The median follow-up time of the analyzed patient cohort was 24 months (range 5–120 months). Thirty-eight of 142 patients (26.8%) developed recurrent disease; in 18 patients (12.7%) local recurrence occurred, in 20 patients (14.1%) regional recurrence and seventeen patients (12.0%) developed distant metastasis. Thirty-four patients (24%) died after a median of 24 months, of which 18 patients died of tumor (disease specific cause).
Reclassification of pT-stage from TD to DOI
Figure 2 gives an overview of the distribution across pT-stages for the 7th edition (Fig. 2a) and for the reduced 8th edition (Fig. 2b). A change in the distribution of T-stages is seen: 66% of the patient cohort classified by TD has a low T-stage (T1/T2), whereas the percentage of patients with a low T-stage after reclassifying defined by DOI was 33%. In total, 58 patients (43.6%) had a different T-stage after restaging; 27 patients (20.3%) were down-staged from the 7th TNM edition to the reduced 8th edition, 75 patients (56.4%) were equally staged and 31 (23.3%) were upstaged.
Figure 3 shows the four pT-stage groups according to TD on the horizontal axis, divided into the pT-stages after restaging according to DOI. For example, a total of 44 patients were staged as pT2 according to TD, are divided into 10 patients with pT1, 15 patients with pT2 and 19 patients with pT3 after restaging according to DOI.
Survival outcomes
In Table 2, we compared OS after 24 months between two cohorts (TD vs DOI) for the different T-stages. In general, we found worse OS in the higher T-stages in both groups (TD and DOI). We split both cohorts into patients treated with adjuvant treatment vs patients without adjuvant treatment. In patients with a T1 tumor (in TD and DOI) the OS was lower with adjuvant RT.
Patients with a pT2 and pT3 tumor (in both TD and DOI) showed a better OS when stratified by adjuvant RT: the group with adjuvant treatment showed higher OS than the group without adjuvant RT. For T3/T4 as expected, according to treatment guidelines, the group of patients who did not receive adjuvant radiotherapy was very small. No statistically well-founded statement on survival could be made.

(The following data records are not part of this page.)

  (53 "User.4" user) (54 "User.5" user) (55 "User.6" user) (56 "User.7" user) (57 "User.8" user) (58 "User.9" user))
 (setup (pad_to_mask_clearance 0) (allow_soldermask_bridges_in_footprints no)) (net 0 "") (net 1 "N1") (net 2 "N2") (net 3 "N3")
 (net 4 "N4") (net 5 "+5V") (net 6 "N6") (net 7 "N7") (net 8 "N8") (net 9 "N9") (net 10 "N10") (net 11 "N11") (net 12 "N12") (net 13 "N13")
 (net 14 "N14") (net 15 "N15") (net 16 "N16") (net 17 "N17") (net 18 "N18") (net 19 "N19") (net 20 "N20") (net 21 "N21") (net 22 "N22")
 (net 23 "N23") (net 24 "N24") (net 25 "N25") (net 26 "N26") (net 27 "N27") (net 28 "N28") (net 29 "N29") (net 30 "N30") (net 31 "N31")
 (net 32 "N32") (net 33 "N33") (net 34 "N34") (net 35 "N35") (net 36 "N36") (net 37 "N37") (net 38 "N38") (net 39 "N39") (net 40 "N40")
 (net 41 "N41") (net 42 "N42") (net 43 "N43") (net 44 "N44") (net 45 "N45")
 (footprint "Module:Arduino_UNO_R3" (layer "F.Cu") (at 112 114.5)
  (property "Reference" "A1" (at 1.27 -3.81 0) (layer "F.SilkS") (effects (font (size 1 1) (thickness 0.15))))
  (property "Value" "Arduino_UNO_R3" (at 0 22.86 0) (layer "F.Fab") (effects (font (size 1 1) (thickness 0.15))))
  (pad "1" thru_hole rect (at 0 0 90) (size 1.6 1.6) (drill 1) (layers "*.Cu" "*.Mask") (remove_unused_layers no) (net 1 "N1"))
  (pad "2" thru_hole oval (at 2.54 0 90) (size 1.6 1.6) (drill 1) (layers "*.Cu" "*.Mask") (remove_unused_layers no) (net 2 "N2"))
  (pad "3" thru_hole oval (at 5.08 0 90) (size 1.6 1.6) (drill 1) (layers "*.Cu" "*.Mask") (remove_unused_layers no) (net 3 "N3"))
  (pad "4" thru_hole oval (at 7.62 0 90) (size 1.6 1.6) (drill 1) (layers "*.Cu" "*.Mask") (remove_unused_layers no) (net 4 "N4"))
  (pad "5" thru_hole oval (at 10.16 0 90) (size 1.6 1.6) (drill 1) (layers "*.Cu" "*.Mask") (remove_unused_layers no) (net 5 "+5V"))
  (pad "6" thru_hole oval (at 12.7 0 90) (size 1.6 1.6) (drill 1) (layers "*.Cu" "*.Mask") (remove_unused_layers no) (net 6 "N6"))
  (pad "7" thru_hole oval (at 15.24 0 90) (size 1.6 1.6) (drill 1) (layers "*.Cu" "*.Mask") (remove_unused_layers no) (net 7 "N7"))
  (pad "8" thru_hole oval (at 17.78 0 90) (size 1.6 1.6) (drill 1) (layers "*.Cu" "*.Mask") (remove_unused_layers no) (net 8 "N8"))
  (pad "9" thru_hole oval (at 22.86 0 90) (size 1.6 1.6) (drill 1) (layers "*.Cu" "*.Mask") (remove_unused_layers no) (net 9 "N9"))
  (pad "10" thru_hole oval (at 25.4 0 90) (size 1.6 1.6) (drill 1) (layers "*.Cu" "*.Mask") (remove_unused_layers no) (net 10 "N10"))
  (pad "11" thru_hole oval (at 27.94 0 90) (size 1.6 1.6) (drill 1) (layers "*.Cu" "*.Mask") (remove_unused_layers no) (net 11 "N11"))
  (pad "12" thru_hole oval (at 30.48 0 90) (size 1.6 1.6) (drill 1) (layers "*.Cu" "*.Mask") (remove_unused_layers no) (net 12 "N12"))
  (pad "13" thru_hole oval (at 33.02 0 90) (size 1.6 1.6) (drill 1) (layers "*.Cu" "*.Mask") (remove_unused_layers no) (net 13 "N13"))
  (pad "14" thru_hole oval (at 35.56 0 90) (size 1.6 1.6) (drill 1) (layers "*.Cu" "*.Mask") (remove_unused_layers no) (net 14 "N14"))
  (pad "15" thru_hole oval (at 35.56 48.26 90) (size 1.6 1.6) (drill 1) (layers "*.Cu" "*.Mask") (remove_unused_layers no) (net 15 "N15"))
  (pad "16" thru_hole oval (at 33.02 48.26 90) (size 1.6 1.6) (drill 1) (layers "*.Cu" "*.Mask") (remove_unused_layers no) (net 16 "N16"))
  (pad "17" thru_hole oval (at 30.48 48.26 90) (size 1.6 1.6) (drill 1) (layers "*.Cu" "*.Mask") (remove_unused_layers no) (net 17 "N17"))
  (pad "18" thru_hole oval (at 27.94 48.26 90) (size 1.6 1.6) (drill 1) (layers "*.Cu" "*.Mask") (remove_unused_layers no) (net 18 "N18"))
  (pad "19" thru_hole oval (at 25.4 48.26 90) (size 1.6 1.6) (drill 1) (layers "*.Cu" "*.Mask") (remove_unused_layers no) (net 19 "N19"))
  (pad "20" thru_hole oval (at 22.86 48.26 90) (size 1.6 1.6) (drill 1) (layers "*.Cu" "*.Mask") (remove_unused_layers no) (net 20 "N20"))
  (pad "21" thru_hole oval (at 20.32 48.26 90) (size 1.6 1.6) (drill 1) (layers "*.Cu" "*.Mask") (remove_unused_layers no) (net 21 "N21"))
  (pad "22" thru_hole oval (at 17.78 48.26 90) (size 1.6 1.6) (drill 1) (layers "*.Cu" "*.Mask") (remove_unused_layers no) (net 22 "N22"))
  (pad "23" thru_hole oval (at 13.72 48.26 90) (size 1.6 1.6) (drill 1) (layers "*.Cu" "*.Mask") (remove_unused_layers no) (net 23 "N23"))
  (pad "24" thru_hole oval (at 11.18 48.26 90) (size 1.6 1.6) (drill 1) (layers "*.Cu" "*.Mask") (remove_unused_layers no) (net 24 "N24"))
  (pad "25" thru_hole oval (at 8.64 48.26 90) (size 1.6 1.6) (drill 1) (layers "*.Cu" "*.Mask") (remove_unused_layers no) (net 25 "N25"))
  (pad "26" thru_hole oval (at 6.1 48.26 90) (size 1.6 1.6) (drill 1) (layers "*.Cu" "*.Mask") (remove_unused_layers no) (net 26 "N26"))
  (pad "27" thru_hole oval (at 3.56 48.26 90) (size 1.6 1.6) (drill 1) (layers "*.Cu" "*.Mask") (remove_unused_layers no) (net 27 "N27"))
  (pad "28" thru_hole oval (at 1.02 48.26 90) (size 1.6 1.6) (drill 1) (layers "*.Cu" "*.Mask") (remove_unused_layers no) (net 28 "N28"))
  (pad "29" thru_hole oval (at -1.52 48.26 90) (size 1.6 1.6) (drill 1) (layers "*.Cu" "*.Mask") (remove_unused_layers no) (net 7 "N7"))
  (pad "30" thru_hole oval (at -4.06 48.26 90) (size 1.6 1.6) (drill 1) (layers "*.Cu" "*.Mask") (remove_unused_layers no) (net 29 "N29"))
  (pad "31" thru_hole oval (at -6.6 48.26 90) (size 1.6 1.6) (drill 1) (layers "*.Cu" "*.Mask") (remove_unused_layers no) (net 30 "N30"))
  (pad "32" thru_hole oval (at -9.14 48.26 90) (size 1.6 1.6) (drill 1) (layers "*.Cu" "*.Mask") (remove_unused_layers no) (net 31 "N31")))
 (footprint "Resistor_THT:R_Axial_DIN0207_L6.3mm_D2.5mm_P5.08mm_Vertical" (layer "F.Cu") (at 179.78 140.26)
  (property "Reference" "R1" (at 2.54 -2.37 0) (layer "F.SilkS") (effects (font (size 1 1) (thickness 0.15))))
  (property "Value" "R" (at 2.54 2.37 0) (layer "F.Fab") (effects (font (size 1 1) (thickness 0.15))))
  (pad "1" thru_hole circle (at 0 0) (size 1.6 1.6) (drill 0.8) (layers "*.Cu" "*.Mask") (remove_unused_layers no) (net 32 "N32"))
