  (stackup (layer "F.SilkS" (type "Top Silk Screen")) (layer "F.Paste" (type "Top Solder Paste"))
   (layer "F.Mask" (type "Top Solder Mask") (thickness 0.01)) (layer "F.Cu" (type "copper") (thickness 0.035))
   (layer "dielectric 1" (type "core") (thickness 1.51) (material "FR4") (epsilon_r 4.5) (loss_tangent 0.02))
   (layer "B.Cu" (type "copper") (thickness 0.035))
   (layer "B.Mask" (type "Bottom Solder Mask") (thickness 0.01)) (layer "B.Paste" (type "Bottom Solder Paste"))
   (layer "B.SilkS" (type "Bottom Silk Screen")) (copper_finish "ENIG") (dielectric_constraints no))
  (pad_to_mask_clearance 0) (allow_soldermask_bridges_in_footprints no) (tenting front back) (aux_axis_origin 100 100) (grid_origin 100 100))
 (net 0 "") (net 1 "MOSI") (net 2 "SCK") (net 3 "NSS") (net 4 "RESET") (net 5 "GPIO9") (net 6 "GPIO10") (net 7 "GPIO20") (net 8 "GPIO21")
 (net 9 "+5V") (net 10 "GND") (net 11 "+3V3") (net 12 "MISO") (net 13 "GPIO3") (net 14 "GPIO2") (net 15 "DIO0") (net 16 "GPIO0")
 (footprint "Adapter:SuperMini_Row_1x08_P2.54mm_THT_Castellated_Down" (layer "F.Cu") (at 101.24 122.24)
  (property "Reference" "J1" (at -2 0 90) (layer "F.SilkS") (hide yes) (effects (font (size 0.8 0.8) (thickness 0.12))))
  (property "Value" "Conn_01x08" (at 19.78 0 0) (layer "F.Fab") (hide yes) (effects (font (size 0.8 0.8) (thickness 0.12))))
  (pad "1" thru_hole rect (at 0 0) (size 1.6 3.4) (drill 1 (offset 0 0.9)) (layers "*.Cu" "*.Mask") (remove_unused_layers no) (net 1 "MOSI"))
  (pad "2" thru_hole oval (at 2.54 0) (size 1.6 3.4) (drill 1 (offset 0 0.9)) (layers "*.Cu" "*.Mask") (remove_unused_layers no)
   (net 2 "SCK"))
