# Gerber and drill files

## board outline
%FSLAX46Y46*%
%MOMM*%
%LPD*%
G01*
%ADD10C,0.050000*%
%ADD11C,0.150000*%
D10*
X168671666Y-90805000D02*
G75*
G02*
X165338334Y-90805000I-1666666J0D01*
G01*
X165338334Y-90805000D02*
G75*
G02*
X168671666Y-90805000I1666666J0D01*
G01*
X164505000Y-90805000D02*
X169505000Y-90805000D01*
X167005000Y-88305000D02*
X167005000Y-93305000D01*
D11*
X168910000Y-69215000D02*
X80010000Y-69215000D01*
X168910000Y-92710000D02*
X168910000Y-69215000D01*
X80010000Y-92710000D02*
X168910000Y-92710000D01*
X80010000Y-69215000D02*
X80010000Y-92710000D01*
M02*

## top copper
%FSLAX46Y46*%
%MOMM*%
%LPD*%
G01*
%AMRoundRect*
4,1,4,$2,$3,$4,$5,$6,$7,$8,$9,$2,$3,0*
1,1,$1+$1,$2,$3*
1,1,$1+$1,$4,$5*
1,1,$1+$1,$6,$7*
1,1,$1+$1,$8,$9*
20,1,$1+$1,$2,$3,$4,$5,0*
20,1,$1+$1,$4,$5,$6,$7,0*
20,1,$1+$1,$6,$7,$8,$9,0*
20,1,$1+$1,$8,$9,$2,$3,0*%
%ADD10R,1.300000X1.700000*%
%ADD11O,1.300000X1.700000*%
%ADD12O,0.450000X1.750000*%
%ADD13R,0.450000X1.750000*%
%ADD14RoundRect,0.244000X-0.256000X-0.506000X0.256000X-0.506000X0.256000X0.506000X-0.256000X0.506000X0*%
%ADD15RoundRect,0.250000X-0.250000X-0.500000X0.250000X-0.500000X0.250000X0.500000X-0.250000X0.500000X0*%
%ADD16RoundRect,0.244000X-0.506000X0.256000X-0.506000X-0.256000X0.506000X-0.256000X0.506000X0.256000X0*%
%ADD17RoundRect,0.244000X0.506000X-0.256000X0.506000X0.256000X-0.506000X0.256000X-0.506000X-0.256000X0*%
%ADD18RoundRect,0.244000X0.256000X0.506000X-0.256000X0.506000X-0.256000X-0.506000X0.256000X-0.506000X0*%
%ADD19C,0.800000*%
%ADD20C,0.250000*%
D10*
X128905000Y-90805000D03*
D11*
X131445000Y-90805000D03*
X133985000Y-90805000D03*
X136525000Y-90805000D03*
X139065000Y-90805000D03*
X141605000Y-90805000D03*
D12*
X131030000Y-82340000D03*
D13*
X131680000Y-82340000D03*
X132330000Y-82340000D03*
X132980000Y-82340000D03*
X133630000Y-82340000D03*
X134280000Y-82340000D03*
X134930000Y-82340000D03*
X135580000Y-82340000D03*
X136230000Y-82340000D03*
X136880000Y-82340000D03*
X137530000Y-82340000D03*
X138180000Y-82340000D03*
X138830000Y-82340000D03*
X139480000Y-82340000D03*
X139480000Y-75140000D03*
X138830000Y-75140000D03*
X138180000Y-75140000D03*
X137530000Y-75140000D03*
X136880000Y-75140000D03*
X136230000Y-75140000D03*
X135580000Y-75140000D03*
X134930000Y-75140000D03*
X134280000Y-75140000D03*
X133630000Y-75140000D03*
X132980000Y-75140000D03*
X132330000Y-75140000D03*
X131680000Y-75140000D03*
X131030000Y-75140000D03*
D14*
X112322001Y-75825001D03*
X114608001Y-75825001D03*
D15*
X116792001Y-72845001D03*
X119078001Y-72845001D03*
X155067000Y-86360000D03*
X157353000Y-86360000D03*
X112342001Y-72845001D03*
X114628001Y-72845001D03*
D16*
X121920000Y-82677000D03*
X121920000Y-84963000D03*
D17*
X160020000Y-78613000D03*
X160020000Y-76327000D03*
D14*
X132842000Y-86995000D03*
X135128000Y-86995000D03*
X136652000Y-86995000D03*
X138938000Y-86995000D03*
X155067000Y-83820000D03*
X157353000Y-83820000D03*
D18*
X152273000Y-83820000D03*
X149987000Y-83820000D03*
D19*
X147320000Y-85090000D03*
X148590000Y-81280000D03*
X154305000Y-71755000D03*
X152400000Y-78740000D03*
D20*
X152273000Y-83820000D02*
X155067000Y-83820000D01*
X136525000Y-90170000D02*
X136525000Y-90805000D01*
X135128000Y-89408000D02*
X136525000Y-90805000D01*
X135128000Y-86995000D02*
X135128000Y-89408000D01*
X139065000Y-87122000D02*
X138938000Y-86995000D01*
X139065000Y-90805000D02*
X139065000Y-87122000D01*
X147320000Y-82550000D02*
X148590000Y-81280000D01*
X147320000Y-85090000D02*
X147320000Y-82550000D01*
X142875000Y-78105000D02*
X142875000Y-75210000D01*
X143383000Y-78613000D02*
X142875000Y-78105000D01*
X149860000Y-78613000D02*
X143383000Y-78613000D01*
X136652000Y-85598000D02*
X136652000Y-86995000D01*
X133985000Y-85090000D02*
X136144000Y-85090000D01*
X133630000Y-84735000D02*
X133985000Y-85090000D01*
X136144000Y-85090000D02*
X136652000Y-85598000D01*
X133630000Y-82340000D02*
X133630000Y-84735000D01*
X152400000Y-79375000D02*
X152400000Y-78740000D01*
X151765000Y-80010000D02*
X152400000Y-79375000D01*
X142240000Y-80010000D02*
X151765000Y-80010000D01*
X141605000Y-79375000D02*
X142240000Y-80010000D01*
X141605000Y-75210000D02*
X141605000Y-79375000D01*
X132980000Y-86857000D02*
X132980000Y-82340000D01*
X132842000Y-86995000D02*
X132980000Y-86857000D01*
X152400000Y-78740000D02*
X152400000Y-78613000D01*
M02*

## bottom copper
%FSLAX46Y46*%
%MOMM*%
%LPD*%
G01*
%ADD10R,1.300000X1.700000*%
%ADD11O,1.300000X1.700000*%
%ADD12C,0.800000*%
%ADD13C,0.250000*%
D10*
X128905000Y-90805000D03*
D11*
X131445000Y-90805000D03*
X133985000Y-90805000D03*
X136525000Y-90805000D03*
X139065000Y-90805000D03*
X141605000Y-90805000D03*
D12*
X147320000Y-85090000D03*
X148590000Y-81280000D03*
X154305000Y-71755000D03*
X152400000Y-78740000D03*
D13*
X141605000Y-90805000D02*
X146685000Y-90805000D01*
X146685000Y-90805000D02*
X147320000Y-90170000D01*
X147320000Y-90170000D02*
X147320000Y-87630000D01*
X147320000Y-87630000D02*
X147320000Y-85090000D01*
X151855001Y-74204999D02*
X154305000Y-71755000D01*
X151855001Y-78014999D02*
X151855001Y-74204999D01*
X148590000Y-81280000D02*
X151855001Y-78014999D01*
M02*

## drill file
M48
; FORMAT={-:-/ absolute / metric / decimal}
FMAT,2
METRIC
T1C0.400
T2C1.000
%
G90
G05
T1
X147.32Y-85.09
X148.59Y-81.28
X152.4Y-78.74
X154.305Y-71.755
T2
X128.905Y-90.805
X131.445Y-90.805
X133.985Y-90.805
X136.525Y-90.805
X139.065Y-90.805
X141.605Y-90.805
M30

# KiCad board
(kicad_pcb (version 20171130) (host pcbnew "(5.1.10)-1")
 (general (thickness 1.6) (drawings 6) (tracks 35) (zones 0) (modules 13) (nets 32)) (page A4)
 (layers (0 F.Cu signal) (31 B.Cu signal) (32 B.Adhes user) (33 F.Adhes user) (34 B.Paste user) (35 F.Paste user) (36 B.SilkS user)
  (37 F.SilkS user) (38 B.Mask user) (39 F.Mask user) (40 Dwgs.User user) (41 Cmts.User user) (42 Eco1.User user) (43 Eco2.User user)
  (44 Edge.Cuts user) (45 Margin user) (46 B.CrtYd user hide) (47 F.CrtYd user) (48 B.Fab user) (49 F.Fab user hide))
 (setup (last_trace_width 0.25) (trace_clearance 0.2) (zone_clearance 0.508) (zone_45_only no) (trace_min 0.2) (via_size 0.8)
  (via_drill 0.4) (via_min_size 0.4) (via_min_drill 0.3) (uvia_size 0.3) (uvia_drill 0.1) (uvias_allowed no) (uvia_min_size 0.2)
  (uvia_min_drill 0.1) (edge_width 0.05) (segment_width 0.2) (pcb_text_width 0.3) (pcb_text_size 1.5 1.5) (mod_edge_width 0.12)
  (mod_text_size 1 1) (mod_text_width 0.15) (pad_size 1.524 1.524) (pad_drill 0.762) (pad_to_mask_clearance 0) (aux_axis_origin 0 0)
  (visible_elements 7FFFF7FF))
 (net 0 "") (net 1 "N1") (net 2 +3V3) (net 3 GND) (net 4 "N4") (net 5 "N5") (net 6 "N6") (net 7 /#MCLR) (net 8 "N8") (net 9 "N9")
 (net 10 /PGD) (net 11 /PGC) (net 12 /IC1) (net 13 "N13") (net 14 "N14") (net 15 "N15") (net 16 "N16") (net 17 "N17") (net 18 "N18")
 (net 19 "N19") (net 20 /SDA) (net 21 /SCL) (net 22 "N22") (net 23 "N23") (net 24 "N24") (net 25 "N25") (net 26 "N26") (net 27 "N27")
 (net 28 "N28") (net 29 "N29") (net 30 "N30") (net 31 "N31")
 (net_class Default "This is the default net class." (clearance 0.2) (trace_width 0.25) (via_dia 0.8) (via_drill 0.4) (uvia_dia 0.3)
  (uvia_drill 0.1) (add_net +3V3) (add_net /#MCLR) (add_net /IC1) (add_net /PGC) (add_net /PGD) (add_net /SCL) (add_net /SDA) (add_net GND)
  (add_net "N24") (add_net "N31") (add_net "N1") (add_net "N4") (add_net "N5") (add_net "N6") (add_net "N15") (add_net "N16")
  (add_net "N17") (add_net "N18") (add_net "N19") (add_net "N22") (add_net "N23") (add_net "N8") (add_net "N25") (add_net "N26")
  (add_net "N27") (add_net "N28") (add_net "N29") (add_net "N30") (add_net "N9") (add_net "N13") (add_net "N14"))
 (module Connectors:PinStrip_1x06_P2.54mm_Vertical (layer F.Cu) (at 128.905 90.805 90)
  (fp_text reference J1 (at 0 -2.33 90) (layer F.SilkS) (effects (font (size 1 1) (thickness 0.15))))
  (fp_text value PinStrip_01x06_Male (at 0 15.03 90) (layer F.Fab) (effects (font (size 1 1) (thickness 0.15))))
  (pad 1 thru_hole rect (at 0 0 90) (size 1.7 1.3) (drill 1) (layers *.Cu *.Mask) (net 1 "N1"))
  (pad 2 thru_hole oval (at 0 2.54 90) (size 1.7 1.3) (drill 1) (layers *.Cu *.Mask) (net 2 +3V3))
  (pad 3 thru_hole oval (at 0 5.08 90) (size 1.7 1.3) (drill 1) (layers *.Cu *.Mask) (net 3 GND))
  (pad 4 thru_hole oval (at 0 7.62 90) (size 1.7 1.3) (drill 1) (layers *.Cu *.Mask) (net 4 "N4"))
  (pad 5 thru_hole oval (at 0 10.16 90) (size 1.7 1.3) (drill 1) (layers *.Cu *.Mask) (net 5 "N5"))
  (pad 6 thru_hole oval (at 0 12.7 90) (size 1.7 1.3) (drill 1) (layers *.Cu *.Mask) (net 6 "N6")))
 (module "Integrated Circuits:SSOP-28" (layer F.Cu) (at 135.255 78.74 90)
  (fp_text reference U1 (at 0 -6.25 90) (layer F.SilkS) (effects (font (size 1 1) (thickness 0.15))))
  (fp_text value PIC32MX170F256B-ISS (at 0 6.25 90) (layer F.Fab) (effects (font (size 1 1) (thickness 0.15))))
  (pad 1 smd oval (at -3.6 -4.225 90) (size 1.75 0.45) (layers F.Cu F.Paste F.Mask) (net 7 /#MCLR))
  (pad 2 smd rect (at -3.6 -3.575 90) (size 1.75 0.45) (layers F.Cu F.Paste F.Mask) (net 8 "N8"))
  (pad 3 smd rect (at -3.6 -2.925 90) (size 1.75 0.45) (layers F.Cu F.Paste F.Mask) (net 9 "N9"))
  (pad 4 smd rect (at -3.6 -2.275 90) (size 1.75 0.45) (layers F.Cu F.Paste F.Mask) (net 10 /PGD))
  (pad 5 smd rect (at -3.6 -1.625 90) (size 1.75 0.45) (layers F.Cu F.Paste F.Mask) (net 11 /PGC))
  (pad 6 smd rect (at -3.6 -0.975 90) (size 1.75 0.45) (layers F.Cu F.Paste F.Mask) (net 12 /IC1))
  (pad 7 smd rect (at -3.6 -0.325 90) (size 1.75 0.45) (layers F.Cu F.Paste F.Mask) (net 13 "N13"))
  (pad 8 smd rect (at -3.6 0.325 90) (size 1.75 0.45) (layers F.Cu F.Paste F.Mask) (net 3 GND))
  (pad 9 smd rect (at -3.6 0.975 90) (size 1.75 0.45) (layers F.Cu F.Paste F.Mask) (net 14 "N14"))
  (pad 10 smd rect (at -3.6 1.625 90) (size 1.75 0.45) (layers F.Cu F.Paste F.Mask) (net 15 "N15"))
  (pad 11 smd rect (at -3.6 2.275 90) (size 1.75 0.45) (layers F.Cu F.Paste F.Mask) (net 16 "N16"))
  (pad 12 smd rect (at -3.6 2.925 90) (size 1.75 0.45) (layers F.Cu F.Paste F.Mask) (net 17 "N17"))
  (pad 13 smd rect (at -3.6 3.575 90) (size 1.75 0.45) (layers F.Cu F.Paste F.Mask) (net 2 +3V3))
  (pad 14 smd rect (at -3.6 4.225 90) (size 1.75 0.45) (layers F.Cu F.Paste F.Mask) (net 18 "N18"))
  (pad 15 smd rect (at 3.6 4.225 90) (size 1.75 0.45) (layers F.Cu F.Paste F.Mask) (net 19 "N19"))
  (pad 16 smd rect (at 3.6 3.575 90) (size 1.75 0.45) (layers F.Cu F.Paste F.Mask) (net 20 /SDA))
  (pad 17 smd rect (at 3.6 2.925 90) (size 1.75 0.45) (layers F.Cu F.Paste F.Mask) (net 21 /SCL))
  (pad 18 smd rect (at 3.6 2.275 90) (size 1.75 0.45) (layers F.Cu F.Paste F.Mask) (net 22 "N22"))
  (pad 19 smd rect (at 3.6 1.625 90) (size 1.75 0.45) (layers F.Cu F.Paste F.Mask) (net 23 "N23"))
  (pad 20 smd rect (at 3.6 0.975 90) (size 1.75 0.45) (layers F.Cu F.Paste F.Mask) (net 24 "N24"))
  (pad 21 smd rect (at 3.6 0.325 90) (size 1.75 0.45) (layers F.Cu F.Paste F.Mask) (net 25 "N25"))
  (pad 22 smd rect (at 3.6 -0.325 90) (size 1.75 0.45) (layers F.Cu F.Paste F.Mask) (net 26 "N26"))
  (pad 23 smd rect (at 3.6 -0.975 90) (size 1.75 0.45) (layers F.Cu F.Paste F.Mask) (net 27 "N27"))
  (pad 24 smd rect (at 3.6 -1.625 90) (size 1.75 0.45) (layers F.Cu F.Paste F.Mask) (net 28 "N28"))
  (pad 25 smd rect (at 3.6 -2.275 90) (size 1.75 0.45) (layers F.Cu F.Paste F.Mask) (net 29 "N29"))
  (pad 26 smd rect (at 3.6 -2.925 90) (size 1.75 0.45) (layers F.Cu F.Paste F.Mask) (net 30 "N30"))
  (pad 27 smd rect (at 3.6 -3.575 90) (size 1.75 0.45) (layers F.Cu F.Paste F.Mask) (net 3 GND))
  (pad 28 smd rect (at 3.6 -4.225 90) (size 1.75 0.45) (layers F.Cu F.Paste F.Mask) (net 2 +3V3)))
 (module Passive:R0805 (layer F.Cu) (at 113.465001 75.825001)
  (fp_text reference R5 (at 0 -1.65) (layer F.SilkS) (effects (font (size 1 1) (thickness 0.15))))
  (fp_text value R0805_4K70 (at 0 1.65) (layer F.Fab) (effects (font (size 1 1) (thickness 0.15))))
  (pad 1 smd roundrect (at -1.143 0) (size 1 1.5) (layers F.Cu F.Paste F.Mask) (roundrect_rratio 0.244) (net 2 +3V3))
  (pad 2 smd roundrect (at 1.143 0) (size 1 1.5) (layers F.Cu F.Paste F.Mask) (roundrect_rratio 0.244) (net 7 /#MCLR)))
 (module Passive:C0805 (layer F.Cu) (at 117.935001 72.845001)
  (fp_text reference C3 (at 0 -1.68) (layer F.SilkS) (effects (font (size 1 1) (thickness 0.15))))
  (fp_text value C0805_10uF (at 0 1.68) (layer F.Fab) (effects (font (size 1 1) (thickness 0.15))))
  (pad 1 smd roundrect (at -1.143 0) (size 1 1.5) (layers F.Cu F.Paste F.Mask) (roundrect_rratio 0.25) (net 24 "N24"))
  (pad 2 smd roundrect (at 1.143 0) (size 1 1.5) (layers F.Cu F.Paste F.Mask) (roundrect_rratio 0.25) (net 3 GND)))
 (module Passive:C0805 (layer F.Cu) (at 156.21 86.36)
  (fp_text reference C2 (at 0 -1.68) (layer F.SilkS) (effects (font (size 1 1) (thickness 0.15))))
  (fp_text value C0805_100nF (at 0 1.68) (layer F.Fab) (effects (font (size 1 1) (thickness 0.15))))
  (pad 1 smd roundrect (at -1.143 0) (size 1 1.5) (layers F.Cu F.Paste F.Mask) (roundrect_rratio 0.25) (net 2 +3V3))
  (pad 2 smd roundrect (at 1.143 0) (size 1 1.5) (layers F.Cu F.Paste F.Mask) (roundrect_rratio 0.25) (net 3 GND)))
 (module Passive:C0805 (layer F.Cu) (at 113.485001 72.845001)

In Fig. 4, the OS for the three different subgroups (upstaged, equally staged, down staged) is shown: OS was significantly worse in patients who had been upstaged with DOI (Fig. 4a, p = 0.014). Stratification by whether postoperative RT was performed, showed a significantly worse OS in patients who had been upstaged without receiving postoperative RT (Fig. 4b, p = 0.017). In patients with adjuvant RT there was no significant difference in OS between the groups (Fig. 4c, p = 0.369). For DSS and RFS we did not find significant differences between the three groups.
Discussion
Patients with oral cancers are primarily treated with a surgical approach and postoperative RT is considered in the interdisciplinary tumor board in case of pT2/pT3 tumors with adverse features. The 8th edition of the AJCC staging manual includes DOI of the primary tumor into the pT-stage. However, it is unclear if DOI indicates the need for adjuvant RT in OSCC patients. This study shows that 44% of the patients are differently staged when using DOI only instead of TD to define T-stage and a shift is seen from 34% high-staged patients (T3–T4, staged with TD) to 67% high-staged patients (staged with DOI). In addition, OS is significantly lower in upstaged patients without adjuvant RT.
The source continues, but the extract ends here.